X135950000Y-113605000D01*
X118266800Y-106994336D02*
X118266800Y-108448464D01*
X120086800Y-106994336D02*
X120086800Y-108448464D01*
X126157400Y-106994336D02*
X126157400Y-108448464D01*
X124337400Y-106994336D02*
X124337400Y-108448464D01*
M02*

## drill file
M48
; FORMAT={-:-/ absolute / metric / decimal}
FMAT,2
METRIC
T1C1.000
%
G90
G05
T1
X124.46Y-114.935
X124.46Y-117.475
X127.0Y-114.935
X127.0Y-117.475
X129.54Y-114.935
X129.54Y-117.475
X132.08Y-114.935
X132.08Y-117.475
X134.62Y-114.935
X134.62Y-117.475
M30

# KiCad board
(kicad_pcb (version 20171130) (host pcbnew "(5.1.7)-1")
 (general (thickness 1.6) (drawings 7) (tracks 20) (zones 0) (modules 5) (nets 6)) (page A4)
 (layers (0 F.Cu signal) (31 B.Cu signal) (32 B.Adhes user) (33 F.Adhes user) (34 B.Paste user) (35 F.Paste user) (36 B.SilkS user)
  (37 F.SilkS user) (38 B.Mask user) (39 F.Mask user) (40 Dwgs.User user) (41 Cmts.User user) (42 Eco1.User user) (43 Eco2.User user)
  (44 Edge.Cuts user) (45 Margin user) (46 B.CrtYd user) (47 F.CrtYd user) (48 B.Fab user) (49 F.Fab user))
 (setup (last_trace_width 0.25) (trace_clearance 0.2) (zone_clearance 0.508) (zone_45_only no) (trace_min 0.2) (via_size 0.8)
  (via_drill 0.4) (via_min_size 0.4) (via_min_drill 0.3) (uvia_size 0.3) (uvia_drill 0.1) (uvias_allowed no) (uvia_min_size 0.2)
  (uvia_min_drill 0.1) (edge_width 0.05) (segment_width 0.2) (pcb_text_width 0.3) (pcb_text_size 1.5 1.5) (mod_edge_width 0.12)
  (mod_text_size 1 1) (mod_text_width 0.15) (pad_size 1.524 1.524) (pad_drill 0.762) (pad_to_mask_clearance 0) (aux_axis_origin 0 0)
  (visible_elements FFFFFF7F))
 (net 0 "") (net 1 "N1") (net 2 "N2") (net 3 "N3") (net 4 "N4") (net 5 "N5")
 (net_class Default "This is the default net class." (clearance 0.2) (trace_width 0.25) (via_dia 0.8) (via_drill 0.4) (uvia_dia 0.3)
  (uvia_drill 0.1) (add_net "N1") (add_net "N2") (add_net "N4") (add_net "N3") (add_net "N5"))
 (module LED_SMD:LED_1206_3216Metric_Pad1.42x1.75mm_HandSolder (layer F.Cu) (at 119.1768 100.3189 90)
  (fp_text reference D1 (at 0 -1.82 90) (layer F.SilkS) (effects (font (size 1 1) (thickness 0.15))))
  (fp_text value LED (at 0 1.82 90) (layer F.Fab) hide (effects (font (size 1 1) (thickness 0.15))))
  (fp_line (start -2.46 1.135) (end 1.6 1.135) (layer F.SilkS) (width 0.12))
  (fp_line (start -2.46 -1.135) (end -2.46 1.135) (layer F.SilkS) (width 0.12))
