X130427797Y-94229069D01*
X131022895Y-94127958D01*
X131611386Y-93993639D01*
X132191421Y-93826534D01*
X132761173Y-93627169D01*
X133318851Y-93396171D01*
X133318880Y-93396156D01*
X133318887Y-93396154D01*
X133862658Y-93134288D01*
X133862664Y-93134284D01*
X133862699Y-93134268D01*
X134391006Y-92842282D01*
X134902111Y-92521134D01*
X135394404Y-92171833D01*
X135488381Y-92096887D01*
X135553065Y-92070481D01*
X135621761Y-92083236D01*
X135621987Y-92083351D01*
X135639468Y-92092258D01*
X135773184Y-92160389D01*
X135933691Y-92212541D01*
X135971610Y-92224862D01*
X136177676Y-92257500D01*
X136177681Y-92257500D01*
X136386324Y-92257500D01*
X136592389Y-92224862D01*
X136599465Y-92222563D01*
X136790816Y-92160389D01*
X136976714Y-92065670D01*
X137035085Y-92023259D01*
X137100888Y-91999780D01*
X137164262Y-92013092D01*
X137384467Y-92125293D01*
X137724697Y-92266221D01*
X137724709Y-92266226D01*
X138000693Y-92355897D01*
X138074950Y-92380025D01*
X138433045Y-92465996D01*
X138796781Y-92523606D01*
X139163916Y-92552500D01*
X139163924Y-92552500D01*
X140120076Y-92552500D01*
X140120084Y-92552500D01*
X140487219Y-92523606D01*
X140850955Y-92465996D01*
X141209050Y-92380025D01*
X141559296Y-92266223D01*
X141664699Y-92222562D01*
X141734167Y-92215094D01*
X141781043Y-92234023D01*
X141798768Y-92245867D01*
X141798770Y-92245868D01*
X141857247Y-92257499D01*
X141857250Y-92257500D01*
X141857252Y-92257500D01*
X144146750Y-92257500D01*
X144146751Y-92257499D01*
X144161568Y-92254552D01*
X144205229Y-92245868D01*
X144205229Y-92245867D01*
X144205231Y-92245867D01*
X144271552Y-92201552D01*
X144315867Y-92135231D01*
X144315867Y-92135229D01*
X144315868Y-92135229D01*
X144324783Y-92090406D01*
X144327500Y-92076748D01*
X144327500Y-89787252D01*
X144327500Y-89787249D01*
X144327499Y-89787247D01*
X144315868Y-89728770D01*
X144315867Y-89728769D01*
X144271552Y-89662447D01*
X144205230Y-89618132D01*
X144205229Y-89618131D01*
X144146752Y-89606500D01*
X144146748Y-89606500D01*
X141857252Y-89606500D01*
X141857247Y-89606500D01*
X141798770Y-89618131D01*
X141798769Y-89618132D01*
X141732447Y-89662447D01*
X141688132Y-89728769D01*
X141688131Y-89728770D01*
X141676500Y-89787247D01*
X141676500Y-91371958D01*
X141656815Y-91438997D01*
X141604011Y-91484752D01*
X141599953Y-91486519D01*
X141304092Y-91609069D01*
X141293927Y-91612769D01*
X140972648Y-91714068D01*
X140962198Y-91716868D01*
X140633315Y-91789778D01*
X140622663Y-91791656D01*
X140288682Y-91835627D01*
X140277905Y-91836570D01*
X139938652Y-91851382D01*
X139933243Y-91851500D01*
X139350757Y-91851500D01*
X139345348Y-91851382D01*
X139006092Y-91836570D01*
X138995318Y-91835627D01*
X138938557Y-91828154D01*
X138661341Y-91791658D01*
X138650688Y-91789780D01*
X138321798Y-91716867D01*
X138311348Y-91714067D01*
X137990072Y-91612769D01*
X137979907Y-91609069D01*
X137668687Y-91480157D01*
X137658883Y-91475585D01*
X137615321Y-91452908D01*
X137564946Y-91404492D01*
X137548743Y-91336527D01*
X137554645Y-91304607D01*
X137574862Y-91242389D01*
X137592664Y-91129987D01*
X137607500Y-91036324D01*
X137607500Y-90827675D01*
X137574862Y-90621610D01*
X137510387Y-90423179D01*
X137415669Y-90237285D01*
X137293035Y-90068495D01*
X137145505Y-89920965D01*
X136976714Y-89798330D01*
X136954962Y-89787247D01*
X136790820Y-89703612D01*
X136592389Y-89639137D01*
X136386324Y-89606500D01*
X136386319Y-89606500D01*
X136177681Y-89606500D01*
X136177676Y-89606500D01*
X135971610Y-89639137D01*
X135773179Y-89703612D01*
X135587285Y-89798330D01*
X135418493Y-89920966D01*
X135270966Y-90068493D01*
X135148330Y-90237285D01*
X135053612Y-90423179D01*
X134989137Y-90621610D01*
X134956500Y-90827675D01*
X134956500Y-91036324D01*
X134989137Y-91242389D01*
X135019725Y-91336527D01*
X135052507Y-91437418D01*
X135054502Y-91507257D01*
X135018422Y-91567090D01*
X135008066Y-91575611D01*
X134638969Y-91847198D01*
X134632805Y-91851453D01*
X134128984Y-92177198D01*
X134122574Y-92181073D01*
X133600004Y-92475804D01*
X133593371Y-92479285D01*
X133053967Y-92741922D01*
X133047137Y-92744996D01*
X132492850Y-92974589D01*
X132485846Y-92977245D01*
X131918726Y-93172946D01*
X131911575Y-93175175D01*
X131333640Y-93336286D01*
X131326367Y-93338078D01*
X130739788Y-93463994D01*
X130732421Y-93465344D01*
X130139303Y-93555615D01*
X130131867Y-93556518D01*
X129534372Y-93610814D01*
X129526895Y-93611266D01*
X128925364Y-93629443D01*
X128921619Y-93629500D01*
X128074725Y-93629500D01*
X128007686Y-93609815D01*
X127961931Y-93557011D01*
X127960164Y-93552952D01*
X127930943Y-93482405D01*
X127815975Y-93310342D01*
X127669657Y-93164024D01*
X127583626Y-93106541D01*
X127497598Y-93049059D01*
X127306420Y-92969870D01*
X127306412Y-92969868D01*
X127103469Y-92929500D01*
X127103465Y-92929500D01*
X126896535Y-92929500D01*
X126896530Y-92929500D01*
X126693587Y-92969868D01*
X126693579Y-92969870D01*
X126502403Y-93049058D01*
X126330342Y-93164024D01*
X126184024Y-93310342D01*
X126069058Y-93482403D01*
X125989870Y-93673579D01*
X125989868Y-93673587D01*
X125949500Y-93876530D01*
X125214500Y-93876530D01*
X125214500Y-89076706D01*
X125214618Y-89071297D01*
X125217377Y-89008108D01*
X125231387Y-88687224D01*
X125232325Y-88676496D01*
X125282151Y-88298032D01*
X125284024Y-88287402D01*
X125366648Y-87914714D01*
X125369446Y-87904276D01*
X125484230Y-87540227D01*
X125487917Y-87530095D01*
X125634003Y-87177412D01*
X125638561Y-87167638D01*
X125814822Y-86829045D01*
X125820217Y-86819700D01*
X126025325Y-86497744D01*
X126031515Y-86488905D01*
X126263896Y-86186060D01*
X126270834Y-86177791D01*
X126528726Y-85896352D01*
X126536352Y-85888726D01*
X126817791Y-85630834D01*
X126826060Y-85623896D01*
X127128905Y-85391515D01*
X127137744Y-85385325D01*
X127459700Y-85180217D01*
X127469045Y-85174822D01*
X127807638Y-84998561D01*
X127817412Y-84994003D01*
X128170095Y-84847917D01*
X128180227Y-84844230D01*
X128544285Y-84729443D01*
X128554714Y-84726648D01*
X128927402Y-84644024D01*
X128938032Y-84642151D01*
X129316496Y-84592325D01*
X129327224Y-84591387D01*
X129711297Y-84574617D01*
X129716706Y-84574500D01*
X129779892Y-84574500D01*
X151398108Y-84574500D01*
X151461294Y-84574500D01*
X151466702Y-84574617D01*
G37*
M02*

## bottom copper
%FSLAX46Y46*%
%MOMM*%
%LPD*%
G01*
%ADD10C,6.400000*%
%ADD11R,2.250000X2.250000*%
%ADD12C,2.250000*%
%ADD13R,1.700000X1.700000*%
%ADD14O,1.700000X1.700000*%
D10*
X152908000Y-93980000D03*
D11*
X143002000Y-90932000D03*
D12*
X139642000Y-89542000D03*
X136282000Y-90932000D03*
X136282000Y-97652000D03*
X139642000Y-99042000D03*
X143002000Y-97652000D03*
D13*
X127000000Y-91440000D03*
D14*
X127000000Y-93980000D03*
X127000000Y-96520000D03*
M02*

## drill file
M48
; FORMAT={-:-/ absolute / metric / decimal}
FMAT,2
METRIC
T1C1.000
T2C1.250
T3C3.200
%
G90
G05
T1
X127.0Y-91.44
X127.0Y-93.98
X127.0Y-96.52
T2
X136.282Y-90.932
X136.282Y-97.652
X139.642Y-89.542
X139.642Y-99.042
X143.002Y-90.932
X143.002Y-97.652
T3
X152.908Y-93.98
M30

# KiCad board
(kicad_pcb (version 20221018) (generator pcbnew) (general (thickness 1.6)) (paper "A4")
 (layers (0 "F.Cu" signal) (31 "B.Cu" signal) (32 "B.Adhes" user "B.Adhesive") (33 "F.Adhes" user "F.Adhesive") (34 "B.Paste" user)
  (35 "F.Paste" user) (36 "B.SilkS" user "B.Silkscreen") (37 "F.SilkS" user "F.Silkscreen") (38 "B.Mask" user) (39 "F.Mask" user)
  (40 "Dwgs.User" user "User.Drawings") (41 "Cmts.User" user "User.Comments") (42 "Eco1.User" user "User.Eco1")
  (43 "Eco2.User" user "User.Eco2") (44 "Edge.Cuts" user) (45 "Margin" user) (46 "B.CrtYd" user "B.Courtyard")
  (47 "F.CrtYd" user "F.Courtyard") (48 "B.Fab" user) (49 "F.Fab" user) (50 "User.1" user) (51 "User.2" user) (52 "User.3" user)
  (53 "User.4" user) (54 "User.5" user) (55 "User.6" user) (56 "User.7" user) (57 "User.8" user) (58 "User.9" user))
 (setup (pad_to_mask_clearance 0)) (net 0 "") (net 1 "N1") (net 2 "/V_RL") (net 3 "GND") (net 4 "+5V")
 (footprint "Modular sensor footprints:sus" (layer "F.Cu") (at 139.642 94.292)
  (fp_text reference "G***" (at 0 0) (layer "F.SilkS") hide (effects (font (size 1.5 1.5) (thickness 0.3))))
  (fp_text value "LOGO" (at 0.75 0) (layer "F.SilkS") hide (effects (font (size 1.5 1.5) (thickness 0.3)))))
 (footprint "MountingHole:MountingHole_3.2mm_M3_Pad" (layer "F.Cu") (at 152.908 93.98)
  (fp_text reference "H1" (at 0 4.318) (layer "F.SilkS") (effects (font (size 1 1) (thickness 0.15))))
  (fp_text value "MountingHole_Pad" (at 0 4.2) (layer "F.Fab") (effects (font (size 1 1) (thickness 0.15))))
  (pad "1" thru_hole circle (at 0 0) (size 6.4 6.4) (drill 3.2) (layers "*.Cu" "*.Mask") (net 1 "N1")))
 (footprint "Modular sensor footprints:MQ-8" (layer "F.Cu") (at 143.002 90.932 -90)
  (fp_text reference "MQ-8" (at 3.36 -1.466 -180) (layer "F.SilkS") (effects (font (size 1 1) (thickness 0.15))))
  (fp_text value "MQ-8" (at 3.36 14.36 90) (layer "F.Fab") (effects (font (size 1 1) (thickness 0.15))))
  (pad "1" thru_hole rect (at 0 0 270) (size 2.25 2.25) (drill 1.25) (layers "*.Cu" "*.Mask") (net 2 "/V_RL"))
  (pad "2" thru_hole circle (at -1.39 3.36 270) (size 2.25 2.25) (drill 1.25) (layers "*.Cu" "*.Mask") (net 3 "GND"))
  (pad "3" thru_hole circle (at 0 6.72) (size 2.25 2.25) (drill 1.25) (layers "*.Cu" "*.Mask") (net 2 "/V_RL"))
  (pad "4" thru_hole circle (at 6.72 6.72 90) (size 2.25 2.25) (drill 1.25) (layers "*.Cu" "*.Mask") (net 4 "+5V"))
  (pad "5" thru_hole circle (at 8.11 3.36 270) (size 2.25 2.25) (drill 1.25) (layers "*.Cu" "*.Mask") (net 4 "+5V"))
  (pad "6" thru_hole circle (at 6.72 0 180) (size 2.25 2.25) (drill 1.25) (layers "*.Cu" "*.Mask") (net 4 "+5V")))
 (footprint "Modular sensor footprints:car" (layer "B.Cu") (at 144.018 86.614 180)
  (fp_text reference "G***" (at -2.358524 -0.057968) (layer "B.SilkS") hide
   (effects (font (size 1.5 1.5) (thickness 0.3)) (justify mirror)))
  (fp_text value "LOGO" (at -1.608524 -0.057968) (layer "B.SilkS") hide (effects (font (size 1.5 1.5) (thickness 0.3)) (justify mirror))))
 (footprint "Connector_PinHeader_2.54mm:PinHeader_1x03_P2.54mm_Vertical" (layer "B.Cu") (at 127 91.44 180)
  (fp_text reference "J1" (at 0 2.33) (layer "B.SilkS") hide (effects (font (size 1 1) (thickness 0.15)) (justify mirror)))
■ ■ ■ ■ ■ ■ ■
Brief:
Copy out each line of the data above, exactly, if it lies between the line holding "X134632805Y-91851453D01*" and the line holding "X129526895Y-93611266D01*", inclusive; copy no other line.

Response:
X134632805Y-91851453D01*
X134128984Y-92177198D01*
X134122574Y-92181073D01*
X133600004Y-92475804D01*
X133593371Y-92479285D01*
X133053967Y-92741922D01*
X133047137Y-92744996D01*
X132492850Y-92974589D01*
X132485846Y-92977245D01*
X131918726Y-93172946D01*
X131911575Y-93175175D01*
X131333640Y-93336286D01*
X131326367Y-93338078D01*
X130739788Y-93463994D01*
X130732421Y-93465344D01*
X130139303Y-93555615D01*
X130131867Y-93556518D01*
X129534372Y-93610814D01*
X129526895Y-93611266D01*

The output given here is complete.